I let my head fall back against the pillow and close my eyes. I should have listened to my husband when we talked on the phone last night and he told me to run the generator for awhile, but I had been too tired and since city power had been coming on later and later, I had hoped it would come on some time during the night.
I sure missed Jason who had been in Florida for the past few days for his yearly pilot medical exam, especially with the way the weekend had gone. Wishing there was a thought switch that could be turned off, I try to go back to sleep but to no avail; our backup batteries our not going to last much longer even though I had unplugged the refrigerator and the water purification system.
"Waa...," I know the instant the batteries die by Justin's scared cries. Sitting up, I inch my way through the thick darkness, careful not to trip, especially now with the added clumsiness of a 5 month pregnant belly. Opening the door to the boy's room I can't see a thing. "Justin, Mommy's here. Come to Mommy," I call out to him.
Hearing my voice he fumbles in my direction and seconds later I have him in my arms. Too tired to turn the noisy generator on and then later off again, I carry my boy back to bed with me and get him comfortable. I know it will just be a matter of time before Jayden, who is sleeping in the guest room, also wakes up. The boys always wake up when their fans shut off.
Straining to hear any sound from the other room, I am soon rewarded with some stumbling in the hallway. "Mom, my night light turned off." I hear Jayden's sleepy voice. "That's because the power is out. Just come crawl in bed on Daddy's side." "Okay."

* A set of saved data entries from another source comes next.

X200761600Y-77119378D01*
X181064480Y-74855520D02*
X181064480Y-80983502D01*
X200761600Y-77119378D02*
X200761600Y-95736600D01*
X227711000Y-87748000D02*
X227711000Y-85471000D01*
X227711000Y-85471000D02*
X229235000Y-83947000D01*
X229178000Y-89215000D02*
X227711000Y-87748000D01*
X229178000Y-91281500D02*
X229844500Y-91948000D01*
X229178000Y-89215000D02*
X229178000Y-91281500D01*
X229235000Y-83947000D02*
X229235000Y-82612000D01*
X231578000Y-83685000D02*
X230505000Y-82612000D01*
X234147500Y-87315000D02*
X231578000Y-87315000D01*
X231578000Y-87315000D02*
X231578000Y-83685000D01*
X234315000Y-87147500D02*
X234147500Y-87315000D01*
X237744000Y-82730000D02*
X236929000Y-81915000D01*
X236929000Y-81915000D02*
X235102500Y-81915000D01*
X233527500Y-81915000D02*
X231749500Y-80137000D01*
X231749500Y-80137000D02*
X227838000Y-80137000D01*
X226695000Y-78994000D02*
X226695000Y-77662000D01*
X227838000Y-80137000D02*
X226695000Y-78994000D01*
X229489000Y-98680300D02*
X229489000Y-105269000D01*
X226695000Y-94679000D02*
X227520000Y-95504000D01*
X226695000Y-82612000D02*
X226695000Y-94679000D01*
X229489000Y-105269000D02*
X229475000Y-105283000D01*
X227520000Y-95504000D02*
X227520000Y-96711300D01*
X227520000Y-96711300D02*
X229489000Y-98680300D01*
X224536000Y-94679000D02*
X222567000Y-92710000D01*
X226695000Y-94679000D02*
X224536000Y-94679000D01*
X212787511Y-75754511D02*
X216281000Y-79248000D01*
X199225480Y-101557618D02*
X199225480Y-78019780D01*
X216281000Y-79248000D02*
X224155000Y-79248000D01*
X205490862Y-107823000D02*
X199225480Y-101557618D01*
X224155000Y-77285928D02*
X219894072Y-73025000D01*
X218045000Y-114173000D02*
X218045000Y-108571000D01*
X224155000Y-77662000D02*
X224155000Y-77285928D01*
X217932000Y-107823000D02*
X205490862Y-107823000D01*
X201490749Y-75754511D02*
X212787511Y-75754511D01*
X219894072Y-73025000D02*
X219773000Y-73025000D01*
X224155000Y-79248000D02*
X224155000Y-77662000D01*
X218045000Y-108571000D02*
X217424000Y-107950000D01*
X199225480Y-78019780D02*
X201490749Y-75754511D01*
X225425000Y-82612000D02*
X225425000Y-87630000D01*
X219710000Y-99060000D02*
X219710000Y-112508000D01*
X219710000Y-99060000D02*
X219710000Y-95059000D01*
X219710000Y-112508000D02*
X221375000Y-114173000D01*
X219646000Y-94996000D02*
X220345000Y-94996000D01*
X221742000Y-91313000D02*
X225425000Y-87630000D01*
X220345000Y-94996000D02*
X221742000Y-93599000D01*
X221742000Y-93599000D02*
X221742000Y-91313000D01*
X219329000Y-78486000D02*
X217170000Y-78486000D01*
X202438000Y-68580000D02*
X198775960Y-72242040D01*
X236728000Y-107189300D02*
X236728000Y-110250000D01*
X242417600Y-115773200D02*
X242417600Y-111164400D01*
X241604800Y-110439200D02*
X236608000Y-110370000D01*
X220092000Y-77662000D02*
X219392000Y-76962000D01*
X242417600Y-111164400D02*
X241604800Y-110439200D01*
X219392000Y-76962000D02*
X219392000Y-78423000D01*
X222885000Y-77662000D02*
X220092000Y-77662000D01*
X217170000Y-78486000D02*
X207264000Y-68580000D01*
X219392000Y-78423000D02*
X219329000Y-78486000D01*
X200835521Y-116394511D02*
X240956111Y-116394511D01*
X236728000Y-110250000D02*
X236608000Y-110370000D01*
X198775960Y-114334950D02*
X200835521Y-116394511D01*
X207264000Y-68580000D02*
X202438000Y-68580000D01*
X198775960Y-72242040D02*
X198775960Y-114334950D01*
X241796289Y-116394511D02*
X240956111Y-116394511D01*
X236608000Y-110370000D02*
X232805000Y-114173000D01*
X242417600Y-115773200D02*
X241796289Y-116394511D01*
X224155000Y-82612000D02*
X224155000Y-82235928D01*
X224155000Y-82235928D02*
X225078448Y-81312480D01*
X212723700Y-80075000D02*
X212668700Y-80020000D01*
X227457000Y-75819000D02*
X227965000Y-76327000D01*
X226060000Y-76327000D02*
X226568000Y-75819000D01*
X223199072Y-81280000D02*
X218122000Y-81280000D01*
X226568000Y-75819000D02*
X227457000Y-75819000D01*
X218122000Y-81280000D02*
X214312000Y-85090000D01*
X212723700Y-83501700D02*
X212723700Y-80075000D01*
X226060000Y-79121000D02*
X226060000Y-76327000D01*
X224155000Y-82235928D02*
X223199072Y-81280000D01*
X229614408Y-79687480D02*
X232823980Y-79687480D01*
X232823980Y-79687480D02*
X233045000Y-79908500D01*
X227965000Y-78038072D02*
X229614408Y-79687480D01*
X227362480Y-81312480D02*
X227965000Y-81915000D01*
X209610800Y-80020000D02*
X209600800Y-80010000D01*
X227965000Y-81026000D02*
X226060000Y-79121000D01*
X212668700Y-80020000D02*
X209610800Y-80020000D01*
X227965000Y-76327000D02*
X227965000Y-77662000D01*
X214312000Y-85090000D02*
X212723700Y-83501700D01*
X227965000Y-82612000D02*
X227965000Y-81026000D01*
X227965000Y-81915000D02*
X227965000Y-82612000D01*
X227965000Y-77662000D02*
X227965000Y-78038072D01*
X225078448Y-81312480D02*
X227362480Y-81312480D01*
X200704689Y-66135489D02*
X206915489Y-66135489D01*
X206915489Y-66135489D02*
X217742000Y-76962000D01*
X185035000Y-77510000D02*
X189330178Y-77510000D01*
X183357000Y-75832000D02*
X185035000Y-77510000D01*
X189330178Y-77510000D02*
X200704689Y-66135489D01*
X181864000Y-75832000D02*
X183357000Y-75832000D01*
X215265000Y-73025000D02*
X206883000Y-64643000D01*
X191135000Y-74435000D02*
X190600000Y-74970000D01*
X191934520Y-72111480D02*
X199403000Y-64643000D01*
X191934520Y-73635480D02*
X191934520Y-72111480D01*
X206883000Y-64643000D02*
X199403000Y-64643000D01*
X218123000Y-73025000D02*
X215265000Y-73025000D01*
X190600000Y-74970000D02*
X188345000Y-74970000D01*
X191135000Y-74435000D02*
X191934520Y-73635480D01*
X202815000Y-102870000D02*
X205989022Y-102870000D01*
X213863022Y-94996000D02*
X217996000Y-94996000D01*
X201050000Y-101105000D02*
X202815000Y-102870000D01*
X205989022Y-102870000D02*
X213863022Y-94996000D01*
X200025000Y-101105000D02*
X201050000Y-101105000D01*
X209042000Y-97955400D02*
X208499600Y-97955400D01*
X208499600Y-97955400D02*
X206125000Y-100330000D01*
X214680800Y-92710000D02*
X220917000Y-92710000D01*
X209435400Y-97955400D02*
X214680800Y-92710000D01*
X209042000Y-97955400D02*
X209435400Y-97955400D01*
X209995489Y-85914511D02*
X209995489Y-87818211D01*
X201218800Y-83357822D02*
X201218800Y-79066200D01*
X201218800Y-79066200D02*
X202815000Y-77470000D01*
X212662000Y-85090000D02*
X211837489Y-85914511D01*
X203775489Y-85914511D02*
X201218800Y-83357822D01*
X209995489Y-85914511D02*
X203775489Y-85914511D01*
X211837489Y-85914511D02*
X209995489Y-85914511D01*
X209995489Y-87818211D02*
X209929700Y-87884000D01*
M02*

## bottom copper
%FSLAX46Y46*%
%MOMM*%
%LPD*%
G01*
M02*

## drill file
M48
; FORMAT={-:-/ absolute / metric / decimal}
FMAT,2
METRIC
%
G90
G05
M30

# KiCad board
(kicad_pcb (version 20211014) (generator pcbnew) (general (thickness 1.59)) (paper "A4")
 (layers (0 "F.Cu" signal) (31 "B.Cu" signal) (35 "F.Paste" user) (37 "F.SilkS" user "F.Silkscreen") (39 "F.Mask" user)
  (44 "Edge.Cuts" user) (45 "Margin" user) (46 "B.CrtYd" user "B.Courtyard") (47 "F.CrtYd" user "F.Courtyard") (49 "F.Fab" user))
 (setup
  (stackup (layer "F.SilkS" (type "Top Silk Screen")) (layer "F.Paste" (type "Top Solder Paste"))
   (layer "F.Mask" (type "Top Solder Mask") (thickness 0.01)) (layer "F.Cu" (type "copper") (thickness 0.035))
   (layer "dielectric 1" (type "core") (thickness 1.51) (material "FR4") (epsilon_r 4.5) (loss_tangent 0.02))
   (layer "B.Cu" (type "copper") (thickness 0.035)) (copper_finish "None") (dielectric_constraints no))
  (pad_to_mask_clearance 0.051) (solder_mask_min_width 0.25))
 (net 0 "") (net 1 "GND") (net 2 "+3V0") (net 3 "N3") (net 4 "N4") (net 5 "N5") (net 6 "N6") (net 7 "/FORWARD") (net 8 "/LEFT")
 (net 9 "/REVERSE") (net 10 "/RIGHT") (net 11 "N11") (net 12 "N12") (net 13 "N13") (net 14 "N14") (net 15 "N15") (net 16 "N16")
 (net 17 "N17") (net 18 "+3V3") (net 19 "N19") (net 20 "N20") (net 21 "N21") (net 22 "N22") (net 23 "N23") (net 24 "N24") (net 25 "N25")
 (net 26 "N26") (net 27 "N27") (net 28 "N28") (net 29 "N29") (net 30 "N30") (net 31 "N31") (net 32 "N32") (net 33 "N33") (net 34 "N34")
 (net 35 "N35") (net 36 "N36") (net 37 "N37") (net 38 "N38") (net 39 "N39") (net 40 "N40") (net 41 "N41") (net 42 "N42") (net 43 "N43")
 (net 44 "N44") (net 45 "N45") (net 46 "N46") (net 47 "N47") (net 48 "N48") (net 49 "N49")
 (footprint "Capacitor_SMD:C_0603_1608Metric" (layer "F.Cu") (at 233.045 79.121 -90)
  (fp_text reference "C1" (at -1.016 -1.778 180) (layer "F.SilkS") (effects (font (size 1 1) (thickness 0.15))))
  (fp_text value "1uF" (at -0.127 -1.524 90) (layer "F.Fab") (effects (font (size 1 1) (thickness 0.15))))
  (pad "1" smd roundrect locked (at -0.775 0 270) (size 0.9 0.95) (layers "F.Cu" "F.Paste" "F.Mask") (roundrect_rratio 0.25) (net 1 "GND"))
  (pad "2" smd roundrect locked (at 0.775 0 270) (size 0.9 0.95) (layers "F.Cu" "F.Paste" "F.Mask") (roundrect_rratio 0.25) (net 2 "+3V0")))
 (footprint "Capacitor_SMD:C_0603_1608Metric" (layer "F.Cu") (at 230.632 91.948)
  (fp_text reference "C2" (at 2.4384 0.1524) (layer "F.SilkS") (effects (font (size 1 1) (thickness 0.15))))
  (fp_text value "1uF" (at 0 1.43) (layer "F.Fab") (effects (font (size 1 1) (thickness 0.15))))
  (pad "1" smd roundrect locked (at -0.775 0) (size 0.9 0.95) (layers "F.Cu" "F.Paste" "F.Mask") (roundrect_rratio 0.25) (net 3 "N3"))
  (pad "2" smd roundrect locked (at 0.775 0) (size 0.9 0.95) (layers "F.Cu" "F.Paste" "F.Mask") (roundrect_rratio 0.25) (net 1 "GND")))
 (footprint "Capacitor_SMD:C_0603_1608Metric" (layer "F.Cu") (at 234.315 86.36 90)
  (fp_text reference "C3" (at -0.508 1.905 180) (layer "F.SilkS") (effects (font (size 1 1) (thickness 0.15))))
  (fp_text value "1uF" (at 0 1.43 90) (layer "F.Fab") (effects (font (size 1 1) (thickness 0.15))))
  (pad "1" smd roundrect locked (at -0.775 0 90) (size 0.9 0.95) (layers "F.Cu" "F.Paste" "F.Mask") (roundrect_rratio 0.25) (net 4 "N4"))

I reach for my cellphone and check the time; 4:20 a.m.. The next few hours before sunrise are going to drag by. I sigh. I don't normally let the kids in bed since neither of them can lay still. Awake or asleep they are constantly in motion, making it next to impossible for me to sleep. Suddenly remorseful I think of the mother's out there who have lost children. I'm sure they would give anything to spend a few sleepless hours cuddling with their kids, I remind myself.
I reach for Justin who's in the middle of the bed and snuggle him closer. He pets my hair with his small hand. Curling up I try to get as comfortable as possible, more difficult lately with my growing belly. Thoughts of the last few days replay in my mind.
I had taken Sabboule, Anoud and Denise's six year old son, with possible meningitis symptoms from one hospital to another on Saturday. Nothing is ever easy in Haiti and it had taken half the day to finally get him admitted to a hospital. There he still had to wait, and when a bed was finally available there was no sheets or pillows, or water or food or anything. All medication that was prescribed had to be found by the patients family in various pharmacies. Two days later tests were still being done and no results had yet been given.
Thankfully he wasn't getting worse and was actually showing some signs of improvement. The last few days however had been extra busy for me, who was currently minus a husband and taking care of Anoud and Denise's three other children, making them meals and doing extra laundry.
Although I can't sleep with the wiggling boys, I reminded myself I at least have a bed to lay down in. Anoud who hadn't left the hospital at all since his son was admitted had been sitting on a chair for days, with no where to lay down to rest.
Peering through the partially open curtain I search for just a hint of light. Not finding any I remember how beautiful first light is when you catch the glimmers through an airplane window.
God is always there, in the darkness, in the light, through the trials and joys.
The morning Jason had left for Florida, God had again reminded me of the words in Joshua 1:7a and 9. Only be thou strong and very courageous,... Have not I commanded thee? Be strong and of a good courage; be not afraid, neither be thou dismayed: for the Lord thy God is with thee whithersoever thou goest.
2 comments:
Yes Will to have these words applied to are hearts is a great comfort. But waiting patiently in adversity is not easy, we need Gods grace. Have been thinking and praying for you and Subol. And family. Hopeful you will find out today the out come. And Jason will be home today to help you.
our Bible study last week described how the Lord gives daily grace for daily need, sudden grace for sudden need and overwhelming grace for overwhelming need. May He give you everything you need to trust Him for His grace as He gives it to you!